#### [Task statement]
Copy the lines below exactly. Start at the first and finish with the line containing "X136302750Y-76010111D03*".

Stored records
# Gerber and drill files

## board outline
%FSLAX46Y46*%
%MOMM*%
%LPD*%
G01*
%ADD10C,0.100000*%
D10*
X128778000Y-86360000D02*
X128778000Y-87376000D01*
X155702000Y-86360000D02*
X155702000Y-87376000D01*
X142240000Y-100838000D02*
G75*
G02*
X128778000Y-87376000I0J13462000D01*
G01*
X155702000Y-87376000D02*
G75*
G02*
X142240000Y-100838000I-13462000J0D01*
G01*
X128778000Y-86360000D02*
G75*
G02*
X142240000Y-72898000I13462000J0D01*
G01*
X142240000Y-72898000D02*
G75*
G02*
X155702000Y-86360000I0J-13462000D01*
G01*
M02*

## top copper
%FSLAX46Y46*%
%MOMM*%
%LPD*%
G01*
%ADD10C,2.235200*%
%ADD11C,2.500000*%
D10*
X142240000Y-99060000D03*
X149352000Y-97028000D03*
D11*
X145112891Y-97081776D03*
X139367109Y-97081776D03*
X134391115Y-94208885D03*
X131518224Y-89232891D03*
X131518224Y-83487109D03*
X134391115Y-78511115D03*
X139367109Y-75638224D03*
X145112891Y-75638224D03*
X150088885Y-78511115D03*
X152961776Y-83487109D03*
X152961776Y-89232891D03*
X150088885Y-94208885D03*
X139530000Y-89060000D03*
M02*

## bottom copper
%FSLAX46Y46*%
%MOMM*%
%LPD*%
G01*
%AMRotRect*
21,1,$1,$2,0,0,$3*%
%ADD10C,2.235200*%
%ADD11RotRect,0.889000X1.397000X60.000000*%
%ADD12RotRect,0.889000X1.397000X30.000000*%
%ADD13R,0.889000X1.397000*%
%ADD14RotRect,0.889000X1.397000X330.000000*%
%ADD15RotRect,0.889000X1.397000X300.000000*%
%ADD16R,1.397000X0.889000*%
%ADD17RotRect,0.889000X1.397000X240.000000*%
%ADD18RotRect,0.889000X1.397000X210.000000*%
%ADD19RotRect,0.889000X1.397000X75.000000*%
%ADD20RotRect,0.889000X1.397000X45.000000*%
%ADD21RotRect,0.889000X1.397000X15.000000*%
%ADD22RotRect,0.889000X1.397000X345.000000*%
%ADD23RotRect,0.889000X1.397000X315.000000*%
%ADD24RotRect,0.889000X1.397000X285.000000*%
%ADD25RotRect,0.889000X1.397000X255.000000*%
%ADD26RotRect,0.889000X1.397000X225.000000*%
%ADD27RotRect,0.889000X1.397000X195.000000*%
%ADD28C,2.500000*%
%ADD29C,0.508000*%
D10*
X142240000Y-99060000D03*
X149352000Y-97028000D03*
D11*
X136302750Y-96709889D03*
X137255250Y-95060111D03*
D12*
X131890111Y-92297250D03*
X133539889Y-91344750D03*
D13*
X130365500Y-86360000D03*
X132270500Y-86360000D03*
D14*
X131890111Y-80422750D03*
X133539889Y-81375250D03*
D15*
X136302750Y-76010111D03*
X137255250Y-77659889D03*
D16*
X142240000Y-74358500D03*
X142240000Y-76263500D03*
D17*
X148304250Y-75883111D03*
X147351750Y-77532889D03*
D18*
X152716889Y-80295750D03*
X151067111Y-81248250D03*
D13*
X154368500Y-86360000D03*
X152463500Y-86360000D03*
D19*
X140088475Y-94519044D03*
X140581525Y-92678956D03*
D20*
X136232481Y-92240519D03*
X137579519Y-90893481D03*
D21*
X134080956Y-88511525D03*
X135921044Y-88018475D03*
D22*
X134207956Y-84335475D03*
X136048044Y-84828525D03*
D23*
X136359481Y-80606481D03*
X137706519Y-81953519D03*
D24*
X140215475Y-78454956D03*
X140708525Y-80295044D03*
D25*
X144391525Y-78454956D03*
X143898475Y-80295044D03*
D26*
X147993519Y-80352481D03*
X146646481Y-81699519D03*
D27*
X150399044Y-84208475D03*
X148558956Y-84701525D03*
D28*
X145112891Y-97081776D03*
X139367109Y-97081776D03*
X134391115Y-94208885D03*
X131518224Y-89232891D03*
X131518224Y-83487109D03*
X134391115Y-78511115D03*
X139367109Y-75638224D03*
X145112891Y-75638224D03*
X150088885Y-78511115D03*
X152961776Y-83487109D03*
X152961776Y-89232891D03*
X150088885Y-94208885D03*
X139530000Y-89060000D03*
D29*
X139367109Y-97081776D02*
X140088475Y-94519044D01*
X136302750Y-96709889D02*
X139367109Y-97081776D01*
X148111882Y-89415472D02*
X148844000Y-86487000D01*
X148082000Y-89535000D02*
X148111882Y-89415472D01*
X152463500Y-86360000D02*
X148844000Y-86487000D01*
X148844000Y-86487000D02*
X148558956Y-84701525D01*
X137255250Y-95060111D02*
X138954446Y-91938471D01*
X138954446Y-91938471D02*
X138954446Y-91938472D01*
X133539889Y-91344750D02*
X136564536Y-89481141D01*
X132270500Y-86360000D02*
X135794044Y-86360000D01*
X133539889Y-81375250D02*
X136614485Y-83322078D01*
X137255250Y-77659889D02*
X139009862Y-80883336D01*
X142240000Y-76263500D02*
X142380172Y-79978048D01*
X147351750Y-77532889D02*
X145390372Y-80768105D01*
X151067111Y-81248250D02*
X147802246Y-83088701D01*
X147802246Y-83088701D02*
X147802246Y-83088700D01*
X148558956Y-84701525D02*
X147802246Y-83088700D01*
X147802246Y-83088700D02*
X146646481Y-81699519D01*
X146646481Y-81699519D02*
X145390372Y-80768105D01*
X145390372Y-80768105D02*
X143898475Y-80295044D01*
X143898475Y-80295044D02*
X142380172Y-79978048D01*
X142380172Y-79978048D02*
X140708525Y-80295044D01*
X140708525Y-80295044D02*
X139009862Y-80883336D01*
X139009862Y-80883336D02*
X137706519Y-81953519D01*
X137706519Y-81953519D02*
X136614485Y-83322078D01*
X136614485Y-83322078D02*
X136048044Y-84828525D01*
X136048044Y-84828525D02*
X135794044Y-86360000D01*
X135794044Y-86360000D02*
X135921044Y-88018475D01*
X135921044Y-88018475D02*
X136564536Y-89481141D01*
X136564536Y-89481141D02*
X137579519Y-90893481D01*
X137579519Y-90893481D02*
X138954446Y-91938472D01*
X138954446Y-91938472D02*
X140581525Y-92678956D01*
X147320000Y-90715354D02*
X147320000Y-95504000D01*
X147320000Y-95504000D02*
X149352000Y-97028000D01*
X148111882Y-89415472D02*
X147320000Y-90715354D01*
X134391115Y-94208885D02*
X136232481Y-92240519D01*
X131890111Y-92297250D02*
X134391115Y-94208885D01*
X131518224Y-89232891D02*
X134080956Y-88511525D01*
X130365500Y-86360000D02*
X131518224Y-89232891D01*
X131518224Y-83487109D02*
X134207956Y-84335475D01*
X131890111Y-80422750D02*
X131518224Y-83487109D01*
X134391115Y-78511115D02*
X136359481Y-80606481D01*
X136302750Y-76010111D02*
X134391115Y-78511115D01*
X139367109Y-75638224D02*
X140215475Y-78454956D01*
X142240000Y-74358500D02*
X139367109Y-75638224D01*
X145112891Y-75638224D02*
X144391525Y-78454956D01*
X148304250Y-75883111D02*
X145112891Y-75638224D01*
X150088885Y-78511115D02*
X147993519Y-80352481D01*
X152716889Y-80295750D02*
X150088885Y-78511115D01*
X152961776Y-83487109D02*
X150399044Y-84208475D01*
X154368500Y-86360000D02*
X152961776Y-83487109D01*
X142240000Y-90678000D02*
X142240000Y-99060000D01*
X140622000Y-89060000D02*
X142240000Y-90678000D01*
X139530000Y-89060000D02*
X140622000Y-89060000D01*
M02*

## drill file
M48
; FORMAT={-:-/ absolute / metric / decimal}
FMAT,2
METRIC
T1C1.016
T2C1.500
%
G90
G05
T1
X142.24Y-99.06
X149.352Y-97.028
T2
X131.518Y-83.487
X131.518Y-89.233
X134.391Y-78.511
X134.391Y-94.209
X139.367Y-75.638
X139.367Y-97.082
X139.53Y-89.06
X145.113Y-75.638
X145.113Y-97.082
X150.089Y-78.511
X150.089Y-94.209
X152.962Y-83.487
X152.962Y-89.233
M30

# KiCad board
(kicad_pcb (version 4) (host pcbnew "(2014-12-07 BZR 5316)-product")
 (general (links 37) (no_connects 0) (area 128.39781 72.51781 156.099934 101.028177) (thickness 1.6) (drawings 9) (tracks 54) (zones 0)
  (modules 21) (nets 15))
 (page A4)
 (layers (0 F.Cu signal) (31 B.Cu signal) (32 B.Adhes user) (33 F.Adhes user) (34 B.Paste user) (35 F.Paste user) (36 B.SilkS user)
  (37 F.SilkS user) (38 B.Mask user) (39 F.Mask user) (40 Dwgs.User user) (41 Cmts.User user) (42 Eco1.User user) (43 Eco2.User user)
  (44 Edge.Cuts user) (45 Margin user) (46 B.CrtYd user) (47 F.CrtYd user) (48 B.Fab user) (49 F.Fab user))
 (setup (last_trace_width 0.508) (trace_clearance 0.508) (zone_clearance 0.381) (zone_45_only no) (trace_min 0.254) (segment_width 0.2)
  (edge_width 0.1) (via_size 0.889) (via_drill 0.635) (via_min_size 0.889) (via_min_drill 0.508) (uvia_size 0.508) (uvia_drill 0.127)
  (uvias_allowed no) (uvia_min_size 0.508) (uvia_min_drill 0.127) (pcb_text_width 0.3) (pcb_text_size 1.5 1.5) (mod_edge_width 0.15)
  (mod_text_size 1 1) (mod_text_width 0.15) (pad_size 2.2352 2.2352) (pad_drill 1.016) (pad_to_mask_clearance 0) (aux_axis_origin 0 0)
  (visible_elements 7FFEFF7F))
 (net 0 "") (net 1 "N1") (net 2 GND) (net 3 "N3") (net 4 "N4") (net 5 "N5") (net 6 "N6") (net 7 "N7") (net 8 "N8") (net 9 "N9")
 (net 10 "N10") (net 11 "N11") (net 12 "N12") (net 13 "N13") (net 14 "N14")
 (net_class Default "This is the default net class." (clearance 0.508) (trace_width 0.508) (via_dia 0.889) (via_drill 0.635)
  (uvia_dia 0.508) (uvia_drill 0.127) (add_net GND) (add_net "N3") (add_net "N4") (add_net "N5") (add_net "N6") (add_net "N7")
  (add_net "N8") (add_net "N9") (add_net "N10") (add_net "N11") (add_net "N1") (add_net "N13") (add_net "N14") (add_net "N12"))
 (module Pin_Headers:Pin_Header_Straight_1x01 (layer F.Cu) (at 142.24 99.06 90)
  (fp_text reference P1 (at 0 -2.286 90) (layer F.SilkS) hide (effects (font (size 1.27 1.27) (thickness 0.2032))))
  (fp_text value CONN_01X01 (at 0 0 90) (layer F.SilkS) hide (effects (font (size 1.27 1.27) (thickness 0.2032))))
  (pad 1 thru_hole circle (at 0 0 90) (size 2.2352 2.2352) (drill 1.016) (layers *.Cu *.Mask F.SilkS) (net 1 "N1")))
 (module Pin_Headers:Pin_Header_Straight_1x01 (layer F.Cu) (at 149.352 97.028 30)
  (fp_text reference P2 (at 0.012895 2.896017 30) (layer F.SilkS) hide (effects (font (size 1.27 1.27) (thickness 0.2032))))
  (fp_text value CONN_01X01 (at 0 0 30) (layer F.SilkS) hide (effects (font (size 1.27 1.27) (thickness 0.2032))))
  (pad 1 thru_hole circle (at 0 0 30) (size 2.2352 2.2352) (drill 1.016) (layers *.Cu *.Mask F.SilkS) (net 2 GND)))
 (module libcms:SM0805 (layer B.Cu) (at 136.779 95.885 60)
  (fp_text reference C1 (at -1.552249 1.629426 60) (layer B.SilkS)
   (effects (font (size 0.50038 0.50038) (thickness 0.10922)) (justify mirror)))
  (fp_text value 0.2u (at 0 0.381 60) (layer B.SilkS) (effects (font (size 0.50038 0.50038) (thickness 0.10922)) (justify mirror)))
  (pad 1 smd rect (at -0.9525 0 60) (size 0.889 1.397) (layers B.Cu B.Paste B.Mask) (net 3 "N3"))
  (pad 2 smd rect (at 0.9525 0 60) (size 0.889 1.397) (layers B.Cu B.Paste B.Mask) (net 2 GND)))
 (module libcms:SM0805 (layer B.Cu) (at 132.715 91.821 30)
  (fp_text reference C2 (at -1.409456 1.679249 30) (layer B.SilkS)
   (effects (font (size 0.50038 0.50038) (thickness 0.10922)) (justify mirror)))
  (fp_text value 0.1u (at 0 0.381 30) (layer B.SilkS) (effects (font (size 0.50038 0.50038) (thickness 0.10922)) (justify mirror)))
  (pad 1 smd rect (at -0.9525 0 30) (size 0.889 1.397) (layers B.Cu B.Paste B.Mask) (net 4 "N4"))
  (pad 2 smd rect (at 0.9525 0 30) (size 0.889 1.397) (layers B.Cu B.Paste B.Mask) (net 2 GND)))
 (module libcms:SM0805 (layer B.Cu) (at 131.318 86.36)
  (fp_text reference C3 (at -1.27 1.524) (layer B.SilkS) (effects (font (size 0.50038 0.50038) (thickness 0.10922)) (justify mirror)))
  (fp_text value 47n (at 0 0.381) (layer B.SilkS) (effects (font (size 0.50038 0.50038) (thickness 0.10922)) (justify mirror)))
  (pad 1 smd rect (at -0.9525 0) (size 0.889 1.397) (layers B.Cu B.Paste B.Mask) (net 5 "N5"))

#### [Solution]
# Gerber and drill files

## board outline
%FSLAX46Y46*%
%MOMM*%
%LPD*%
G01*
%ADD10C,0.100000*%
D10*
X128778000Y-86360000D02*
X128778000Y-87376000D01*
X155702000Y-86360000D02*
X155702000Y-87376000D01*
X142240000Y-100838000D02*
G75*
G02*
X128778000Y-87376000I0J13462000D01*
G01*
X155702000Y-87376000D02*
G75*
G02*
X142240000Y-100838000I-13462000J0D01*
G01*
X128778000Y-86360000D02*
G75*
G02*
X142240000Y-72898000I13462000J0D01*
G01*
X142240000Y-72898000D02*
G75*
G02*
X155702000Y-86360000I0J-13462000D01*
G01*
M02*

## top copper
%FSLAX46Y46*%
%MOMM*%
%LPD*%
G01*
%ADD10C,2.235200*%
%ADD11C,2.500000*%
D10*
X142240000Y-99060000D03*
X149352000Y-97028000D03*
D11*
X145112891Y-97081776D03*
X139367109Y-97081776D03*
X134391115Y-94208885D03*
X131518224Y-89232891D03*
X131518224Y-83487109D03*
X134391115Y-78511115D03*
X139367109Y-75638224D03*
X145112891Y-75638224D03*
X150088885Y-78511115D03*
X152961776Y-83487109D03*
X152961776Y-89232891D03*
X150088885Y-94208885D03*
X139530000Y-89060000D03*
M02*

## bottom copper
%FSLAX46Y46*%
%MOMM*%
%LPD*%
G01*
%AMRotRect*
21,1,$1,$2,0,0,$3*%
%ADD10C,2.235200*%
%ADD11RotRect,0.889000X1.397000X60.000000*%
%ADD12RotRect,0.889000X1.397000X30.000000*%
%ADD13R,0.889000X1.397000*%
%ADD14RotRect,0.889000X1.397000X330.000000*%
%ADD15RotRect,0.889000X1.397000X300.000000*%
%ADD16R,1.397000X0.889000*%
%ADD17RotRect,0.889000X1.397000X240.000000*%
%ADD18RotRect,0.889000X1.397000X210.000000*%
%ADD19RotRect,0.889000X1.397000X75.000000*%
%ADD20RotRect,0.889000X1.397000X45.000000*%
%ADD21RotRect,0.889000X1.397000X15.000000*%
%ADD22RotRect,0.889000X1.397000X345.000000*%
%ADD23RotRect,0.889000X1.397000X315.000000*%
%ADD24RotRect,0.889000X1.397000X285.000000*%
%ADD25RotRect,0.889000X1.397000X255.000000*%
%ADD26RotRect,0.889000X1.397000X225.000000*%
%ADD27RotRect,0.889000X1.397000X195.000000*%
%ADD28C,2.500000*%
%ADD29C,0.508000*%
D10*
X142240000Y-99060000D03*
X149352000Y-97028000D03*
D11*
X136302750Y-96709889D03*
X137255250Y-95060111D03*
D12*
X131890111Y-92297250D03*
X133539889Y-91344750D03*
D13*
X130365500Y-86360000D03*
X132270500Y-86360000D03*
D14*
X131890111Y-80422750D03*
X133539889Y-81375250D03*
D15*
X136302750Y-76010111D03*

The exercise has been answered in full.